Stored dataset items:
┄┄┄┄┄┄

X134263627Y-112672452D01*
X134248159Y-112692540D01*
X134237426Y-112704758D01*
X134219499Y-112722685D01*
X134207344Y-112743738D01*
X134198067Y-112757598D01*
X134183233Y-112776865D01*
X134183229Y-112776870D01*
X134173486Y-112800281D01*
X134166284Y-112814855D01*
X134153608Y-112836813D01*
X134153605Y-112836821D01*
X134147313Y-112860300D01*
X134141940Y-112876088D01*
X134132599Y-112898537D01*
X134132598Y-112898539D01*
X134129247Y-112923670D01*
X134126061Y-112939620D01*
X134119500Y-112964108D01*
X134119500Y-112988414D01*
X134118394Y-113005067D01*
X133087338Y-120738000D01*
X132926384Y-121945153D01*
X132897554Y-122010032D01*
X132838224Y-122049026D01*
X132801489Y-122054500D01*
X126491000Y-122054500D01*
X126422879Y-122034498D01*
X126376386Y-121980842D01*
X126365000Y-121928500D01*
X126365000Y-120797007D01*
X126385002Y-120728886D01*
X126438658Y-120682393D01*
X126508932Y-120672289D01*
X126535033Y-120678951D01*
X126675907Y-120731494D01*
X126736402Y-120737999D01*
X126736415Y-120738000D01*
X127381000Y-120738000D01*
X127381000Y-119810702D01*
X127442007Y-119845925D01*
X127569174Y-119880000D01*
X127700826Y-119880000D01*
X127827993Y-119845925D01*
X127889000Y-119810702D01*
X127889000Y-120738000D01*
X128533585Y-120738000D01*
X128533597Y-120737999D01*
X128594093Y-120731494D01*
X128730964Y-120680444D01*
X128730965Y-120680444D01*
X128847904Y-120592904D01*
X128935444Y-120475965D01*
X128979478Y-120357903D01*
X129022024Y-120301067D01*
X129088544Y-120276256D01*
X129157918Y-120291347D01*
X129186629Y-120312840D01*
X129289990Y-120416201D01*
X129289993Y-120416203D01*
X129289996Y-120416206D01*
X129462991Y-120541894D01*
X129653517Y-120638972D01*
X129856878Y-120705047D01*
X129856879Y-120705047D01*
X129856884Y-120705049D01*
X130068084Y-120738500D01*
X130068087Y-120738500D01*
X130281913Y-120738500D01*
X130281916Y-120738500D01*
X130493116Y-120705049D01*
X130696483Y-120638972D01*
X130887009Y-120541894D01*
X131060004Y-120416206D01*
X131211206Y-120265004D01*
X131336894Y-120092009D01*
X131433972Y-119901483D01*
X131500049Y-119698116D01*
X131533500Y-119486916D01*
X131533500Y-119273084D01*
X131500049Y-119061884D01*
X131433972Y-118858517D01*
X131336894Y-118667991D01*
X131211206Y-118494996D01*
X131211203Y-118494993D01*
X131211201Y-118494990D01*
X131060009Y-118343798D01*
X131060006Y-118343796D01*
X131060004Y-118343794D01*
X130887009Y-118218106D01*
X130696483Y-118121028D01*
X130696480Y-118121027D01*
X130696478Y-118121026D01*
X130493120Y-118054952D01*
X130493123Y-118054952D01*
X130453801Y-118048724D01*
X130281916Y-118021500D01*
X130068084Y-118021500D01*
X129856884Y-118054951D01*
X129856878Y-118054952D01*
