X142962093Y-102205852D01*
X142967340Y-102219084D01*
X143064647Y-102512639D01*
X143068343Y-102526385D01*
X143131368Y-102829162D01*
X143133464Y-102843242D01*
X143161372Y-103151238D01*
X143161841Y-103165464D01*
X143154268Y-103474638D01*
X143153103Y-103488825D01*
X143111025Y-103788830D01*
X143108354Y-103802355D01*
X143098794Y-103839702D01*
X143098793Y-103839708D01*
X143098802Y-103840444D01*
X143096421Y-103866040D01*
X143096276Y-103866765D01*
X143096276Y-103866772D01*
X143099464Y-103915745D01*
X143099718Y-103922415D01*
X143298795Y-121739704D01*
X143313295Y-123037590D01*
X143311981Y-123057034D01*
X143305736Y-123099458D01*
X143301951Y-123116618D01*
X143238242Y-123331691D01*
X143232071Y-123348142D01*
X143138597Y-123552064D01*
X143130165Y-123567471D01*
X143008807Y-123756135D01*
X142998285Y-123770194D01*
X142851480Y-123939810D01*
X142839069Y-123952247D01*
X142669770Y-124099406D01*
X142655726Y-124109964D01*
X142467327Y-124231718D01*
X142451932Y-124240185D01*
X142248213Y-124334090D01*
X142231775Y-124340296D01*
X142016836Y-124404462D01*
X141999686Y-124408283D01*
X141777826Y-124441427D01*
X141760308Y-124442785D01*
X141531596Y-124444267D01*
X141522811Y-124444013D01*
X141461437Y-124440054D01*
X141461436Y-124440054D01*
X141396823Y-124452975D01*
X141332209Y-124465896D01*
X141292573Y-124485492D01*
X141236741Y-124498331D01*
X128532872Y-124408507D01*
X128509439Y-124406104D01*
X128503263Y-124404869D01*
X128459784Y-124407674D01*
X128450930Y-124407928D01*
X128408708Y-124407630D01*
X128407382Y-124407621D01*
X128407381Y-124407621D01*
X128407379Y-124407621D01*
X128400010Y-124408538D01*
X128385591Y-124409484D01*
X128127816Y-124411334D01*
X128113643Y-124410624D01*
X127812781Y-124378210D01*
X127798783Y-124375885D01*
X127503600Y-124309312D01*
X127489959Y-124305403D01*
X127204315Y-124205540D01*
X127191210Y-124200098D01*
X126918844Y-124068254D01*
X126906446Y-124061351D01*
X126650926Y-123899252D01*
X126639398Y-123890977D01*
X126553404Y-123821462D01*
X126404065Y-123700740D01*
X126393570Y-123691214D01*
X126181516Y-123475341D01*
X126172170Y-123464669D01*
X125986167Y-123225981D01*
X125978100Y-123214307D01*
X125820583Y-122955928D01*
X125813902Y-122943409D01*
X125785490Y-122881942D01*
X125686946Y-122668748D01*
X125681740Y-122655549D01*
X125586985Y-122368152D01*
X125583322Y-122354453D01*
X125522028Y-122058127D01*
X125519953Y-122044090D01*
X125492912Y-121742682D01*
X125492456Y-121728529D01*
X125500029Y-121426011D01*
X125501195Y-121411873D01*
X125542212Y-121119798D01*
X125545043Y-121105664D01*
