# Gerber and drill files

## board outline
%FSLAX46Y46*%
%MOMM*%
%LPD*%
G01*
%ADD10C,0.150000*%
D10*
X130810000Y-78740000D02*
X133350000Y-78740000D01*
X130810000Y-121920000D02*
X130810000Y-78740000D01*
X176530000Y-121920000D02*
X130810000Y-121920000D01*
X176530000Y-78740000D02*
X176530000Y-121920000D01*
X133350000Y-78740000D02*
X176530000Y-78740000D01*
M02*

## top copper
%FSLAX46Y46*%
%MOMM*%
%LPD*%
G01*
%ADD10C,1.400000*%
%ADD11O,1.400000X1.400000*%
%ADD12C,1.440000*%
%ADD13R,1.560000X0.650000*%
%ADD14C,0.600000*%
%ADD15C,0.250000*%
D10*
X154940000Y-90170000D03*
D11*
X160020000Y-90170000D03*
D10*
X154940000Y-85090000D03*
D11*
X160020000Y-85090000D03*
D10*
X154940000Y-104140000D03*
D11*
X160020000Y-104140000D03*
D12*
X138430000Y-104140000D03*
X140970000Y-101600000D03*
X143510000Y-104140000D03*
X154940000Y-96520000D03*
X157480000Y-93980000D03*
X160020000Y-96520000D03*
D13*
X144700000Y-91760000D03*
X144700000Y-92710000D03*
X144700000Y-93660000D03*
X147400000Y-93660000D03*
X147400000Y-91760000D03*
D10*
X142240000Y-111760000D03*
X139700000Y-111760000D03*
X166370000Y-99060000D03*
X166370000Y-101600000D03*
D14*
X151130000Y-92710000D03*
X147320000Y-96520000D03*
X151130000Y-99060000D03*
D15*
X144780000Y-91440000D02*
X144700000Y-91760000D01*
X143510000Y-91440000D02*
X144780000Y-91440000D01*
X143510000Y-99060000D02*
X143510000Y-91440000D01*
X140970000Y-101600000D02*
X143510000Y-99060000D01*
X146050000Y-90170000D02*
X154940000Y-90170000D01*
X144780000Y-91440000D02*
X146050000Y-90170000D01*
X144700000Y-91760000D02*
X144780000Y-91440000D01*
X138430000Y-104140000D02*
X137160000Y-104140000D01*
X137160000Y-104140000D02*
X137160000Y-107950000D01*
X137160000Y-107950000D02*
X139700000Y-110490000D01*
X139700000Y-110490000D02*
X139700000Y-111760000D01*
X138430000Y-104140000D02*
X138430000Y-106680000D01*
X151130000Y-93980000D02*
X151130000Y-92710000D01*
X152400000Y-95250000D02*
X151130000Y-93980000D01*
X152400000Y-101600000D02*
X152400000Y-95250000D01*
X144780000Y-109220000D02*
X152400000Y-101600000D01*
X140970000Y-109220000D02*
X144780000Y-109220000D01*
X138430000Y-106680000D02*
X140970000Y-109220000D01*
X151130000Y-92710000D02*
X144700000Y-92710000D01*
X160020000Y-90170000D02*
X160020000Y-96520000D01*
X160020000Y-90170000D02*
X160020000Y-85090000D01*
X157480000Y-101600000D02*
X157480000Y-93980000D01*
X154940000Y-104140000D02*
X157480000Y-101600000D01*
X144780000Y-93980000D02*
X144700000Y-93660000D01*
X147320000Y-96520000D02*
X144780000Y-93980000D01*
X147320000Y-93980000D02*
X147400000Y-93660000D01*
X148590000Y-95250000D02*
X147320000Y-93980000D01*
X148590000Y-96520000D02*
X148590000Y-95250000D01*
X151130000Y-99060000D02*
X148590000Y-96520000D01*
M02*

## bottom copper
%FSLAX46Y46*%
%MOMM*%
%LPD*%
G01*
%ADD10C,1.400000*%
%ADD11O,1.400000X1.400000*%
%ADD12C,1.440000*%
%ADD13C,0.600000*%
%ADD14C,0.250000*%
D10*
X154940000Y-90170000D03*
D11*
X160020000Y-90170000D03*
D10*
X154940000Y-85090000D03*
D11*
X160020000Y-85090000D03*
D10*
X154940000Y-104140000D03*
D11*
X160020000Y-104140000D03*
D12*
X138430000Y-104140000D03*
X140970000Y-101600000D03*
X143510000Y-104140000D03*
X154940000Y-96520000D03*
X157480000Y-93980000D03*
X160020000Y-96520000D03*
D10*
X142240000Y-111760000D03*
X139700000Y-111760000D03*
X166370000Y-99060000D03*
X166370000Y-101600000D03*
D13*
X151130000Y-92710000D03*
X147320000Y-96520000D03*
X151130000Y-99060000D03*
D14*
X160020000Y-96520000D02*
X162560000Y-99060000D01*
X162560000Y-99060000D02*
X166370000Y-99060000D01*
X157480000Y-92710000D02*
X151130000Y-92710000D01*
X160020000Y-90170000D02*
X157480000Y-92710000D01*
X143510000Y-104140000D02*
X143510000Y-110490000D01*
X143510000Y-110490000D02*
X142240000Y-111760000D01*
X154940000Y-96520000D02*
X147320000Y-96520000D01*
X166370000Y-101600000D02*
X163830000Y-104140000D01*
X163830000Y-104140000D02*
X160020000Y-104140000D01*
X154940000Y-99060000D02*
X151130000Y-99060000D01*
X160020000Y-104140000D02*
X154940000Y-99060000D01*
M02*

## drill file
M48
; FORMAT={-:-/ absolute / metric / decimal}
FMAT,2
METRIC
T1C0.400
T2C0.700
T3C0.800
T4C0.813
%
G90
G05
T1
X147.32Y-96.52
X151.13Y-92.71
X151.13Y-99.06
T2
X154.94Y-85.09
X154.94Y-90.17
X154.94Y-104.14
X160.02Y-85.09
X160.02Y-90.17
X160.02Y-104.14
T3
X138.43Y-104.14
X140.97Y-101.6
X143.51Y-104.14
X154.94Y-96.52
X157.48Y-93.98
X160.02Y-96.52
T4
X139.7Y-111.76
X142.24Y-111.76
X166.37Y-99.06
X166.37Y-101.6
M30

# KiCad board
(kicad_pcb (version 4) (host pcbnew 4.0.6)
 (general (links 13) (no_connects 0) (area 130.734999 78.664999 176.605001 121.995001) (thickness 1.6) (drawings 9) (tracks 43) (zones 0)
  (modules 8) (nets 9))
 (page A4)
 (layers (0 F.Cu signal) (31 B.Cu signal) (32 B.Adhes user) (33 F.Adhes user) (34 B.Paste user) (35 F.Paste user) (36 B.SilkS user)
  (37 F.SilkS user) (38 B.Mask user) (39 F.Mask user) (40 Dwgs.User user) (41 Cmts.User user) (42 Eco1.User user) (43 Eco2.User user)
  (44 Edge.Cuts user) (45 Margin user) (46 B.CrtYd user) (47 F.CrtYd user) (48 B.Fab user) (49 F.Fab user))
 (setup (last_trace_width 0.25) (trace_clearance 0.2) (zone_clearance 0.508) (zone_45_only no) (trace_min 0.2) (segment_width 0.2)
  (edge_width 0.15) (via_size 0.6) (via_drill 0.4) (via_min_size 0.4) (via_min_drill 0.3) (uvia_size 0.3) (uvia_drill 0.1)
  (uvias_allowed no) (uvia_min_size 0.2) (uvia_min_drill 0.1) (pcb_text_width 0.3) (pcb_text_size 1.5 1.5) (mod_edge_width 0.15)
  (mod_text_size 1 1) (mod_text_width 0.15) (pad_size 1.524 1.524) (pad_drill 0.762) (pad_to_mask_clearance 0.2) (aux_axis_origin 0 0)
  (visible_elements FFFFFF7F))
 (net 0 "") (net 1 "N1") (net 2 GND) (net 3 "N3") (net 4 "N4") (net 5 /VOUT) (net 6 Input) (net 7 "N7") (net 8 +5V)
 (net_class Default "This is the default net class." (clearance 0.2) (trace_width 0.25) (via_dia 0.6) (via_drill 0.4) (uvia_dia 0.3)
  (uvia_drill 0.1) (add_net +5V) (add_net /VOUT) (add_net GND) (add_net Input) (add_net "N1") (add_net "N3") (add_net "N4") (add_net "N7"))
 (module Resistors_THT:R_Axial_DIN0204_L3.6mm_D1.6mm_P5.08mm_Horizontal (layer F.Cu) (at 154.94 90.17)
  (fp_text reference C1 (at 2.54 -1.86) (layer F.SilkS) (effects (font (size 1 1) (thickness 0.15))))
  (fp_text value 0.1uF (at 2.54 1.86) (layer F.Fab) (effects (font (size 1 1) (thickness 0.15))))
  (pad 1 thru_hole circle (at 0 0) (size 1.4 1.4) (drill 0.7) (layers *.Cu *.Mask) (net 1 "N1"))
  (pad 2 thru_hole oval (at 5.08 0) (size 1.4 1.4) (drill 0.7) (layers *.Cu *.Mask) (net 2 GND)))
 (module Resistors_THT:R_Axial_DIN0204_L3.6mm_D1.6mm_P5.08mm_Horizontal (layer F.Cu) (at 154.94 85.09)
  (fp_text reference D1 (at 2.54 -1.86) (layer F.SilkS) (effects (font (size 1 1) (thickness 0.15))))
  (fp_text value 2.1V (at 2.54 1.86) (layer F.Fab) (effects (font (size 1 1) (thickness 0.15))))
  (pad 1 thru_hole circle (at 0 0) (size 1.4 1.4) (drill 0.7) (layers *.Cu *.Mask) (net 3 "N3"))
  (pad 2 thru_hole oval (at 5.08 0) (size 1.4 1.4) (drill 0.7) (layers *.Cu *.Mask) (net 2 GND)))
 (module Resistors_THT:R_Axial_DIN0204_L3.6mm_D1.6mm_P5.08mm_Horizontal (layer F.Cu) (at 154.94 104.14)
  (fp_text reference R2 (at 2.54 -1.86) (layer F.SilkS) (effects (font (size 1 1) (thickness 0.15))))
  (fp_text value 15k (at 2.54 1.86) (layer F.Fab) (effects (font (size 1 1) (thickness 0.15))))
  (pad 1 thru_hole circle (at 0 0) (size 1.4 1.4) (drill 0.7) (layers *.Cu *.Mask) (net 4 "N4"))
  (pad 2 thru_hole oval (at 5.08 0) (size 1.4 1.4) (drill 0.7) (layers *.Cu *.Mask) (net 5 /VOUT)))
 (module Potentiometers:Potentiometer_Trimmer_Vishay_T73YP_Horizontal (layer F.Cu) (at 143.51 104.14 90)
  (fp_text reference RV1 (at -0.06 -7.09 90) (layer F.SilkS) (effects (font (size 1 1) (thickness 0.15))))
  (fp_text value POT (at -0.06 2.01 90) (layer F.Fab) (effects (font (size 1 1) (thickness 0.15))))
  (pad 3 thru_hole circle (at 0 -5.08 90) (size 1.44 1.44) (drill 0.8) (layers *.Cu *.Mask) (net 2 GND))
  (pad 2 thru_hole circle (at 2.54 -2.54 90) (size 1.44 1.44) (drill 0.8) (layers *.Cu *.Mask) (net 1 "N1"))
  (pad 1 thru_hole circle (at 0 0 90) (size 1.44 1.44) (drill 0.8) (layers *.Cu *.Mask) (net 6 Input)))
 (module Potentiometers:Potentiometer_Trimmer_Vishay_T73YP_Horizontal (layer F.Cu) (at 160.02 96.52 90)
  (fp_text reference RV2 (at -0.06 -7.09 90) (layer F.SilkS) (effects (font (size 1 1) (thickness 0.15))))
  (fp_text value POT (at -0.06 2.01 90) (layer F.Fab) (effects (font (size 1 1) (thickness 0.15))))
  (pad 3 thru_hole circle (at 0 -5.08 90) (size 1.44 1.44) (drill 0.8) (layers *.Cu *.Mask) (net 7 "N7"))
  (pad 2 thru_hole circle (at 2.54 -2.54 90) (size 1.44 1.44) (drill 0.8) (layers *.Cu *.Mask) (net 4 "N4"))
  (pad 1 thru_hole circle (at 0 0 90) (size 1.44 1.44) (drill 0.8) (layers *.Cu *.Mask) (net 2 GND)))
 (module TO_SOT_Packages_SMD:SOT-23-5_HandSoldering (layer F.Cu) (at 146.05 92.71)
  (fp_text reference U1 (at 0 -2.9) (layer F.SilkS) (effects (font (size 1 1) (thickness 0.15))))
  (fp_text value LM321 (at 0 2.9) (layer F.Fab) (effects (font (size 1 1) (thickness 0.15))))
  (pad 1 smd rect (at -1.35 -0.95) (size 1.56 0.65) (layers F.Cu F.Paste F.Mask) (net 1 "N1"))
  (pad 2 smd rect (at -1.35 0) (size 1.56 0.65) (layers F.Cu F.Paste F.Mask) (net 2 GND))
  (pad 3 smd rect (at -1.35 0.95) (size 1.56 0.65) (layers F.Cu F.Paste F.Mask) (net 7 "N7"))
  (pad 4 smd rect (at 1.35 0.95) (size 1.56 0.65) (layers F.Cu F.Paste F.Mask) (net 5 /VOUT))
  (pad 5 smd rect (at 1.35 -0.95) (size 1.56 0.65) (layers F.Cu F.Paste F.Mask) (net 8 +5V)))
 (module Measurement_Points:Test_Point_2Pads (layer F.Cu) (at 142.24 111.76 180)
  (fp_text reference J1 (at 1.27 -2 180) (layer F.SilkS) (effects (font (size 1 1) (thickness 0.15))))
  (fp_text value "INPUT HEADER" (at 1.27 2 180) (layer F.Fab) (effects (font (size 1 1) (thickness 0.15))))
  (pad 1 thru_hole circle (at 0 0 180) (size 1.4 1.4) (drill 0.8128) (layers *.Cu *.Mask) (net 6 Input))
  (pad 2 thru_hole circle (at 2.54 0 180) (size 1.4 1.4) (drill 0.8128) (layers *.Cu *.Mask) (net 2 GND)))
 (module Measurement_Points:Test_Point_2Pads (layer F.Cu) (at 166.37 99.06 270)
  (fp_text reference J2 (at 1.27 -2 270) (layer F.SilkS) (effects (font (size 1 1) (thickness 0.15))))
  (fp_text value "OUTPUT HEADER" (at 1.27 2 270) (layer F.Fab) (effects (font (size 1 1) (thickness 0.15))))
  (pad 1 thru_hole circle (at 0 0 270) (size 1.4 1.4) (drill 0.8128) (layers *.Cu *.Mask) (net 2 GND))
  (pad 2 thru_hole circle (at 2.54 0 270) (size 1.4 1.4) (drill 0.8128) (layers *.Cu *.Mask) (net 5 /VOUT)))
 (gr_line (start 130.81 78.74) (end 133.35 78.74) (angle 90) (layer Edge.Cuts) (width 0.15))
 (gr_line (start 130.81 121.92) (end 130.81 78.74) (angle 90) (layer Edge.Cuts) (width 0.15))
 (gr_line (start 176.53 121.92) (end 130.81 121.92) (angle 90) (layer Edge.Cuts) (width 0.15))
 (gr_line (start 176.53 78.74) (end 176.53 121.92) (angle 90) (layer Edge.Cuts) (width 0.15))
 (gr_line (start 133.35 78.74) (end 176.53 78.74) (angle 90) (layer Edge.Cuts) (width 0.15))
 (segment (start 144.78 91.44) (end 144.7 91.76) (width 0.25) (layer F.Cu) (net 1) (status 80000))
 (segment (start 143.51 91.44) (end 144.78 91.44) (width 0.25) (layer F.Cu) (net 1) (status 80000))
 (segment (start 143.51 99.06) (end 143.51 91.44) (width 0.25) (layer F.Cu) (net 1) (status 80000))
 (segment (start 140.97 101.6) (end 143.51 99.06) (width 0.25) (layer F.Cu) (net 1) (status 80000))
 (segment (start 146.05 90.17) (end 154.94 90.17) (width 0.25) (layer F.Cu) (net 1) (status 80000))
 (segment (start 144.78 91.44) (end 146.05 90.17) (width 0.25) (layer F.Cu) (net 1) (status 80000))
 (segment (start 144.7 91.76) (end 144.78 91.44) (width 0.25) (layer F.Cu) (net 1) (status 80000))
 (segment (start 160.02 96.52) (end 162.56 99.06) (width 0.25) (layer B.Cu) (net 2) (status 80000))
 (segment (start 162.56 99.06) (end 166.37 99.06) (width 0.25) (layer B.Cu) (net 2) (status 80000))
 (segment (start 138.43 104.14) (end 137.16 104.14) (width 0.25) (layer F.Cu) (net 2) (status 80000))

┄┄┄┄┄┄

## [Your task]
Your answer must consist solely of the lines above between the line holding "X130493116Y-120705049D01*" and the line holding "X131060006Y-118343796D01*", inclusive, copied exactly.

## [Response to the task]
X130493116Y-120705049D01*
X130696483Y-120638972D01*
X130887009Y-120541894D01*
X131060004Y-120416206D01*
X131211206Y-120265004D01*
X131336894Y-120092009D01*
X131433972Y-119901483D01*
X131500049Y-119698116D01*
X131533500Y-119486916D01*
X131533500Y-119273084D01*
X131500049Y-119061884D01*
X131433972Y-118858517D01*
X131336894Y-118667991D01*
X131211206Y-118494996D01*
X131211203Y-118494993D01*
X131211201Y-118494990D01*
X131060009Y-118343798D01*
X131060006Y-118343796D01*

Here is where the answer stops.